▸ **Instructions for the task**
Only these lines of the data below are wanted: the one with "## bottom copper", the one with "# KiCad board", and any lines between them, each repeated exactly.

▸ **Data in this exercise**
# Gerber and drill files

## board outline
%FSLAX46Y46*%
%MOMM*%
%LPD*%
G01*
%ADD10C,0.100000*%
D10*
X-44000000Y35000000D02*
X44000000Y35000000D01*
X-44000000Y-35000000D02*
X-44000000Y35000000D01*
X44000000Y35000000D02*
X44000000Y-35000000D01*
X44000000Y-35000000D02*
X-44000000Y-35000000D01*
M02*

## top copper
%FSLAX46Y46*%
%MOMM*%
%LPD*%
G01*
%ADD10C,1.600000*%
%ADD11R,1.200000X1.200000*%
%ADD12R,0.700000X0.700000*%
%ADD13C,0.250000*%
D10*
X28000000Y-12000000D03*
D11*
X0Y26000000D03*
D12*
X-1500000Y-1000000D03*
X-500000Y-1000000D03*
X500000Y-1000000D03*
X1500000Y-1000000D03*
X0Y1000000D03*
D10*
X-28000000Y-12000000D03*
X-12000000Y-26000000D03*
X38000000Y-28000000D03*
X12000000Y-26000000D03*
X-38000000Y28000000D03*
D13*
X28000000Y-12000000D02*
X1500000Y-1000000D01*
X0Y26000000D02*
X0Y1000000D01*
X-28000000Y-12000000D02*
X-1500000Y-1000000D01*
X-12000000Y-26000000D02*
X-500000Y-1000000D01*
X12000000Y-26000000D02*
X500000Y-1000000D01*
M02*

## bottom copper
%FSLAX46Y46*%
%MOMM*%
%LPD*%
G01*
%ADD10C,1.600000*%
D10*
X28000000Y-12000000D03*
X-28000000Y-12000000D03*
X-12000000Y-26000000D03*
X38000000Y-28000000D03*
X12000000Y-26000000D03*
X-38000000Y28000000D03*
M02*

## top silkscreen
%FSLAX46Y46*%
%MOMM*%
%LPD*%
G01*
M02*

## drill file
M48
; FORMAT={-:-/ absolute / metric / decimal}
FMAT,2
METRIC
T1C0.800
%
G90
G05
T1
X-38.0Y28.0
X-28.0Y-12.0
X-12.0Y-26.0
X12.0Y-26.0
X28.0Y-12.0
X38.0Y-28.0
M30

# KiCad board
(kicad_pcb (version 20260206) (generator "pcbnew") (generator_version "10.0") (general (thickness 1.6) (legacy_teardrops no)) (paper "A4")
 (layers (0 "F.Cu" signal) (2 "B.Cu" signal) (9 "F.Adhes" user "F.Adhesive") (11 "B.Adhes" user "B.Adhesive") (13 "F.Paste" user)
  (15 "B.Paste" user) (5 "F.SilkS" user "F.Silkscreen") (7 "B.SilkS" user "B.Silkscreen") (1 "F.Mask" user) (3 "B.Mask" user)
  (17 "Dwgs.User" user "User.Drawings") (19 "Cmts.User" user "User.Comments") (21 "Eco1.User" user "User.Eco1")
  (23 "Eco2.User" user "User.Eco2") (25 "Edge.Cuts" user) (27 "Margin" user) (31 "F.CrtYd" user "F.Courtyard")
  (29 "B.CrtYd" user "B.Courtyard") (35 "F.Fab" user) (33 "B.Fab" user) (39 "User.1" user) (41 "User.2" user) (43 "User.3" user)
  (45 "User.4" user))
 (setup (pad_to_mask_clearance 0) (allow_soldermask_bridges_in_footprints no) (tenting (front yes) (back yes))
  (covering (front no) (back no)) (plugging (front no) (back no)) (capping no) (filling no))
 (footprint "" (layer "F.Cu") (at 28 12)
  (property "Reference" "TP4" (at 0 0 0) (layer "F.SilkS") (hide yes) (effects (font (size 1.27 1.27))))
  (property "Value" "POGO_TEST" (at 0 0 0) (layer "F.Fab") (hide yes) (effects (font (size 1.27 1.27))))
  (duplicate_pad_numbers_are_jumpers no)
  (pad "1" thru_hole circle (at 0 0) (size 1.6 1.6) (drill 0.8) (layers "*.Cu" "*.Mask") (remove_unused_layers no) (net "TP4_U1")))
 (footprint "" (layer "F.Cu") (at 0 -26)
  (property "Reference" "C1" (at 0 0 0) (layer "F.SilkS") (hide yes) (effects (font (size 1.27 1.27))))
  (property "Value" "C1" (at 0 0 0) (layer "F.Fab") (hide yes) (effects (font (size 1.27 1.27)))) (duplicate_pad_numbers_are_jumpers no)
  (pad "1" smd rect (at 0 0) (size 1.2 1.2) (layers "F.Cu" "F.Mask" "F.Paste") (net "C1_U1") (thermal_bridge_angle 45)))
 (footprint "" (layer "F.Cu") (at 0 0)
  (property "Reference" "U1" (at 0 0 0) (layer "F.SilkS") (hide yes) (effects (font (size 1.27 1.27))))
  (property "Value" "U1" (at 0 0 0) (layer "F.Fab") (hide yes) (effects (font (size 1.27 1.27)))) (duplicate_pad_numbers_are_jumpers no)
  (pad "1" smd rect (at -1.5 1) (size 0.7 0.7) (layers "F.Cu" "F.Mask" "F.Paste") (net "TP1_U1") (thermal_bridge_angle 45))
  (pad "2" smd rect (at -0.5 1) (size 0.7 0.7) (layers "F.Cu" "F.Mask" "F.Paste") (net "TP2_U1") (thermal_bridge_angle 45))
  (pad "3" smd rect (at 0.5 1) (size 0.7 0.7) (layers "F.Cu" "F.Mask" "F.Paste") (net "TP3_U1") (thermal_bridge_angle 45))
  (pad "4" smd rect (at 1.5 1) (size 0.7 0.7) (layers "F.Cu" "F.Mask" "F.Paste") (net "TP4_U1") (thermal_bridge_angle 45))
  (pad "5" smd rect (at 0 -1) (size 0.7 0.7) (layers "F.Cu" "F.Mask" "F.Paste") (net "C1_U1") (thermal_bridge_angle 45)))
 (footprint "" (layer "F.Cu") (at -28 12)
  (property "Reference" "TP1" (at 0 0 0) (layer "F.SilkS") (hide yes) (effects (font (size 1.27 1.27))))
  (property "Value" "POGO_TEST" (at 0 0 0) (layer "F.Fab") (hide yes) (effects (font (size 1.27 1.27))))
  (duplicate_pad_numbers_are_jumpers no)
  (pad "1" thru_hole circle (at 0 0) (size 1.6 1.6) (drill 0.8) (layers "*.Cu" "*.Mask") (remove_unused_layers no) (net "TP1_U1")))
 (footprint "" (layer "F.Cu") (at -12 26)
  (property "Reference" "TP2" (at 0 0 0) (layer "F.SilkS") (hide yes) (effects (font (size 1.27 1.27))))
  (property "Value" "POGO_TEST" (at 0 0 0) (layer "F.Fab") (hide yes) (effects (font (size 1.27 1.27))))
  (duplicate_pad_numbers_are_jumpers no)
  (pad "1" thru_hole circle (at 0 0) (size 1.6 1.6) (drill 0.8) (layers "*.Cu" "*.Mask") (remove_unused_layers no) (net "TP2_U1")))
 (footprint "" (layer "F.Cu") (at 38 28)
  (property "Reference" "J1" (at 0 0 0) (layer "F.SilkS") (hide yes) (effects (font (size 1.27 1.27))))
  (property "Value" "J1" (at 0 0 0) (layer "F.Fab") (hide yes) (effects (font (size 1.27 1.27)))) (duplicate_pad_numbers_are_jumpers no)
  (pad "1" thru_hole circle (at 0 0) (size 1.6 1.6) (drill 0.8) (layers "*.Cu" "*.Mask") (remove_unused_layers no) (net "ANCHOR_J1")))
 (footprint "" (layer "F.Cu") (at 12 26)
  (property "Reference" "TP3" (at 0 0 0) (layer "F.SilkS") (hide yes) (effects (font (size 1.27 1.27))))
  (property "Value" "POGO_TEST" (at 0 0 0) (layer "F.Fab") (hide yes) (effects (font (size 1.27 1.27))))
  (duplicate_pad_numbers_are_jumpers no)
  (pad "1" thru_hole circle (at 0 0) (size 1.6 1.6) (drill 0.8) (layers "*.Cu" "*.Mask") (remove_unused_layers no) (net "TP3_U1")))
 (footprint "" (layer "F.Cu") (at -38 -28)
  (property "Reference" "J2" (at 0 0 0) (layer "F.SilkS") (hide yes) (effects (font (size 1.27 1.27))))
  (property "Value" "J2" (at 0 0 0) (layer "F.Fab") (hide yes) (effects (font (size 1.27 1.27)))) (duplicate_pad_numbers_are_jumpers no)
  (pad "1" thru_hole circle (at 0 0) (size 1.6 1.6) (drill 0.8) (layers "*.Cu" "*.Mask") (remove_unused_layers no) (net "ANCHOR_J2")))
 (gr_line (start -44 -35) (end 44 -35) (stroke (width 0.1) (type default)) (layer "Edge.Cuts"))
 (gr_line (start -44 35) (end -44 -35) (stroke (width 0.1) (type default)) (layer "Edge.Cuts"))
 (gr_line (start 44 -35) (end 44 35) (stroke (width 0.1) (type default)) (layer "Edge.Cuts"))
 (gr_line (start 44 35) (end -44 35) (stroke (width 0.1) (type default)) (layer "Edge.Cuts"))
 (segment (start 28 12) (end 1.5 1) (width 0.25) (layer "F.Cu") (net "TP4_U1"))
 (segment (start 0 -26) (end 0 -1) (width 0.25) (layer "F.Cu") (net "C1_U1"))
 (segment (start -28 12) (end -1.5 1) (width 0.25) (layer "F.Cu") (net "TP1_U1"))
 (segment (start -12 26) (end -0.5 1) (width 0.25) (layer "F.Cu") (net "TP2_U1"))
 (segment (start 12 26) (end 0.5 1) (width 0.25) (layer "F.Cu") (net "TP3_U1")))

▸ **Solution**
## bottom copper
%FSLAX46Y46*%
%MOMM*%
%LPD*%
G01*
%ADD10C,1.600000*%
D10*
X28000000Y-12000000D03*
X-28000000Y-12000000D03*
X-12000000Y-26000000D03*
X38000000Y-28000000D03*
X12000000Y-26000000D03*
X-38000000Y28000000D03*
M02*

## top silkscreen
%FSLAX46Y46*%
%MOMM*%
%LPD*%
G01*
M02*

## drill file
M48
; FORMAT={-:-/ absolute / metric / decimal}
FMAT,2
METRIC
T1C0.800
%
G90
G05
T1
X-38.0Y28.0
X-28.0Y-12.0
X-12.0Y-26.0
X12.0Y-26.0
X28.0Y-12.0
X38.0Y-28.0
M30

# KiCad board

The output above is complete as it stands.